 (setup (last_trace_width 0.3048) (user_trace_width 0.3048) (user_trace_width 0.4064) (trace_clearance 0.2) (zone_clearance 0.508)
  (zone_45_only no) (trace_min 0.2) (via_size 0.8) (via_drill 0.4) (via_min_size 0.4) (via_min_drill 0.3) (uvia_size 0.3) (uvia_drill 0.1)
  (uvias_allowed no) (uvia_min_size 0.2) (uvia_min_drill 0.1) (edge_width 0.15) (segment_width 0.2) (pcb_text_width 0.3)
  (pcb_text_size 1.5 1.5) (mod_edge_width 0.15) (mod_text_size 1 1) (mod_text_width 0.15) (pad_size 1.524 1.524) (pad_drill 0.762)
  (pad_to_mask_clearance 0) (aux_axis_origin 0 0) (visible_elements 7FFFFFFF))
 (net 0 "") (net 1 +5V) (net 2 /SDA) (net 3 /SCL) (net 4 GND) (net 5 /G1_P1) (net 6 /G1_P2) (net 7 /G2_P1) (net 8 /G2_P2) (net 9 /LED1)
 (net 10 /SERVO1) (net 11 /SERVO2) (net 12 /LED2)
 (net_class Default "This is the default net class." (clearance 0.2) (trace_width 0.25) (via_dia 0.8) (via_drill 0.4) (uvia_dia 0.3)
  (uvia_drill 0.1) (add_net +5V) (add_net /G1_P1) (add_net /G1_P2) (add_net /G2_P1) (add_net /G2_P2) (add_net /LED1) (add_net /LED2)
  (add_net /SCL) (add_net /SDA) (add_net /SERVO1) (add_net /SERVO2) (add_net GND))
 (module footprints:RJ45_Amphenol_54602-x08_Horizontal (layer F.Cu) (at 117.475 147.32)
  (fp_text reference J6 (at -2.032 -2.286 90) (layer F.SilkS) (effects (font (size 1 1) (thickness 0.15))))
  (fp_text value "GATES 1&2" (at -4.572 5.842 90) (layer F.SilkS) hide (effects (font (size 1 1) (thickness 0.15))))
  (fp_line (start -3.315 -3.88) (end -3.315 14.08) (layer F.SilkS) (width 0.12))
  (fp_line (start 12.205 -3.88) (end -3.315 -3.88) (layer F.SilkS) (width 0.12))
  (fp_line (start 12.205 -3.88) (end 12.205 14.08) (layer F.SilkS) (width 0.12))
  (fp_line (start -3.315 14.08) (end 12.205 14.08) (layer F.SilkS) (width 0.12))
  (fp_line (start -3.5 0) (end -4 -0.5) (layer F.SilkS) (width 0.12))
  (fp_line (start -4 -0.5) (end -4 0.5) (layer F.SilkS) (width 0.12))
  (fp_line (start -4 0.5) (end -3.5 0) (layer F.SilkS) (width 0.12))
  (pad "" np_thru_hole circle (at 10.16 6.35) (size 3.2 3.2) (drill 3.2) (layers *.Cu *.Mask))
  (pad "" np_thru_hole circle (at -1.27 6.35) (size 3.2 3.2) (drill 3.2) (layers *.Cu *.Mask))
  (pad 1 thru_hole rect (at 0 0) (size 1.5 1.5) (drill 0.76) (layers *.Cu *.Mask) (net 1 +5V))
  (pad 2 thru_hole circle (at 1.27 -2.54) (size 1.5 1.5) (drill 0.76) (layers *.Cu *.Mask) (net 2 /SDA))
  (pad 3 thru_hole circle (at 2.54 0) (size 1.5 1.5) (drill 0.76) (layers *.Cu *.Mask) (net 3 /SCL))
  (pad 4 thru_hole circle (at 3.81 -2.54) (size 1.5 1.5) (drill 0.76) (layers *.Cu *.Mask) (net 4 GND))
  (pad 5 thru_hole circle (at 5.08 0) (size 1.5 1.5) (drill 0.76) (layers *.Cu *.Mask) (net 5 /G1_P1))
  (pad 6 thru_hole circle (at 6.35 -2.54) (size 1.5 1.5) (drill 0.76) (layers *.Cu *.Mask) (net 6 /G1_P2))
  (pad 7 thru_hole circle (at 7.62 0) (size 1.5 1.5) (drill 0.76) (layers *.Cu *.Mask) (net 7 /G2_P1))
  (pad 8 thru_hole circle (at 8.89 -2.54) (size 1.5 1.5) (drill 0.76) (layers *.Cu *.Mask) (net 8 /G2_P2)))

+===+

All of the entries should be transcribed exactly as they appear.

 (setup (last_trace_width 0.3048) (user_trace_width 0.3048) (user_trace_width 0.4064) (trace_clearance 0.2) (zone_clearance 0.508)
  (zone_45_only no) (trace_min 0.2) (via_size 0.8) (via_drill 0.4) (via_min_size 0.4) (via_min_drill 0.3) (uvia_size 0.3) (uvia_drill 0.1)
  (uvias_allowed no) (uvia_min_size 0.2) (uvia_min_drill 0.1) (edge_width 0.15) (segment_width 0.2) (pcb_text_width 0.3)
  (pcb_text_size 1.5 1.5) (mod_edge_width 0.15) (mod_text_size 1 1) (mod_text_width 0.15) (pad_size 1.524 1.524) (pad_drill 0.762)
  (pad_to_mask_clearance 0) (aux_axis_origin 0 0) (visible_elements 7FFFFFFF))
 (net 0 "") (net 1 +5V) (net 2 /SDA) (net 3 /SCL) (net 4 GND) (net 5 /G1_P1) (net 6 /G1_P2) (net 7 /G2_P1) (net 8 /G2_P2) (net 9 /LED1)
 (net 10 /SERVO1) (net 11 /SERVO2) (net 12 /LED2)
 (net_class Default "This is the default net class." (clearance 0.2) (trace_width 0.25) (via_dia 0.8) (via_drill 0.4) (uvia_dia 0.3)
  (uvia_drill 0.1) (add_net +5V) (add_net /G1_P1) (add_net /G1_P2) (add_net /G2_P1) (add_net /G2_P2) (add_net /LED1) (add_net /LED2)
  (add_net /SCL) (add_net /SDA) (add_net /SERVO1) (add_net /SERVO2) (add_net GND))
 (module footprints:RJ45_Amphenol_54602-x08_Horizontal (layer F.Cu) (at 117.475 147.32)
  (fp_text reference J6 (at -2.032 -2.286 90) (layer F.SilkS) (effects (font (size 1 1) (thickness 0.15))))
  (fp_text value "GATES 1&2" (at -4.572 5.842 90) (layer F.SilkS) hide (effects (font (size 1 1) (thickness 0.15))))
  (fp_line (start -3.315 -3.88) (end -3.315 14.08) (layer F.SilkS) (width 0.12))
  (fp_line (start 12.205 -3.88) (end -3.315 -3.88) (layer F.SilkS) (width 0.12))
  (fp_line (start 12.205 -3.88) (end 12.205 14.08) (layer F.SilkS) (width 0.12))
  (fp_line (start -3.315 14.08) (end 12.205 14.08) (layer F.SilkS) (width 0.12))
  (fp_line (start -3.5 0) (end -4 -0.5) (layer F.SilkS) (width 0.12))
  (fp_line (start -4 -0.5) (end -4 0.5) (layer F.SilkS) (width 0.12))
  (fp_line (start -4 0.5) (end -3.5 0) (layer F.SilkS) (width 0.12))
  (pad "" np_thru_hole circle (at 10.16 6.35) (size 3.2 3.2) (drill 3.2) (layers *.Cu *.Mask))
  (pad "" np_thru_hole circle (at -1.27 6.35) (size 3.2 3.2) (drill 3.2) (layers *.Cu *.Mask))
  (pad 1 thru_hole rect (at 0 0) (size 1.5 1.5) (drill 0.76) (layers *.Cu *.Mask) (net 1 +5V))
  (pad 2 thru_hole circle (at 1.27 -2.54) (size 1.5 1.5) (drill 0.76) (layers *.Cu *.Mask) (net 2 /SDA))
  (pad 3 thru_hole circle (at 2.54 0) (size 1.5 1.5) (drill 0.76) (layers *.Cu *.Mask) (net 3 /SCL))
  (pad 4 thru_hole circle (at 3.81 -2.54) (size 1.5 1.5) (drill 0.76) (layers *.Cu *.Mask) (net 4 GND))
  (pad 5 thru_hole circle (at 5.08 0) (size 1.5 1.5) (drill 0.76) (layers *.Cu *.Mask) (net 5 /G1_P1))
  (pad 6 thru_hole circle (at 6.35 -2.54) (size 1.5 1.5) (drill 0.76) (layers *.Cu *.Mask) (net 6 /G1_P2))
  (pad 7 thru_hole circle (at 7.62 0) (size 1.5 1.5) (drill 0.76) (layers *.Cu *.Mask) (net 7 /G2_P1))
  (pad 8 thru_hole circle (at 8.89 -2.54) (size 1.5 1.5) (drill 0.76) (layers *.Cu *.Mask) (net 8 /G2_P2)))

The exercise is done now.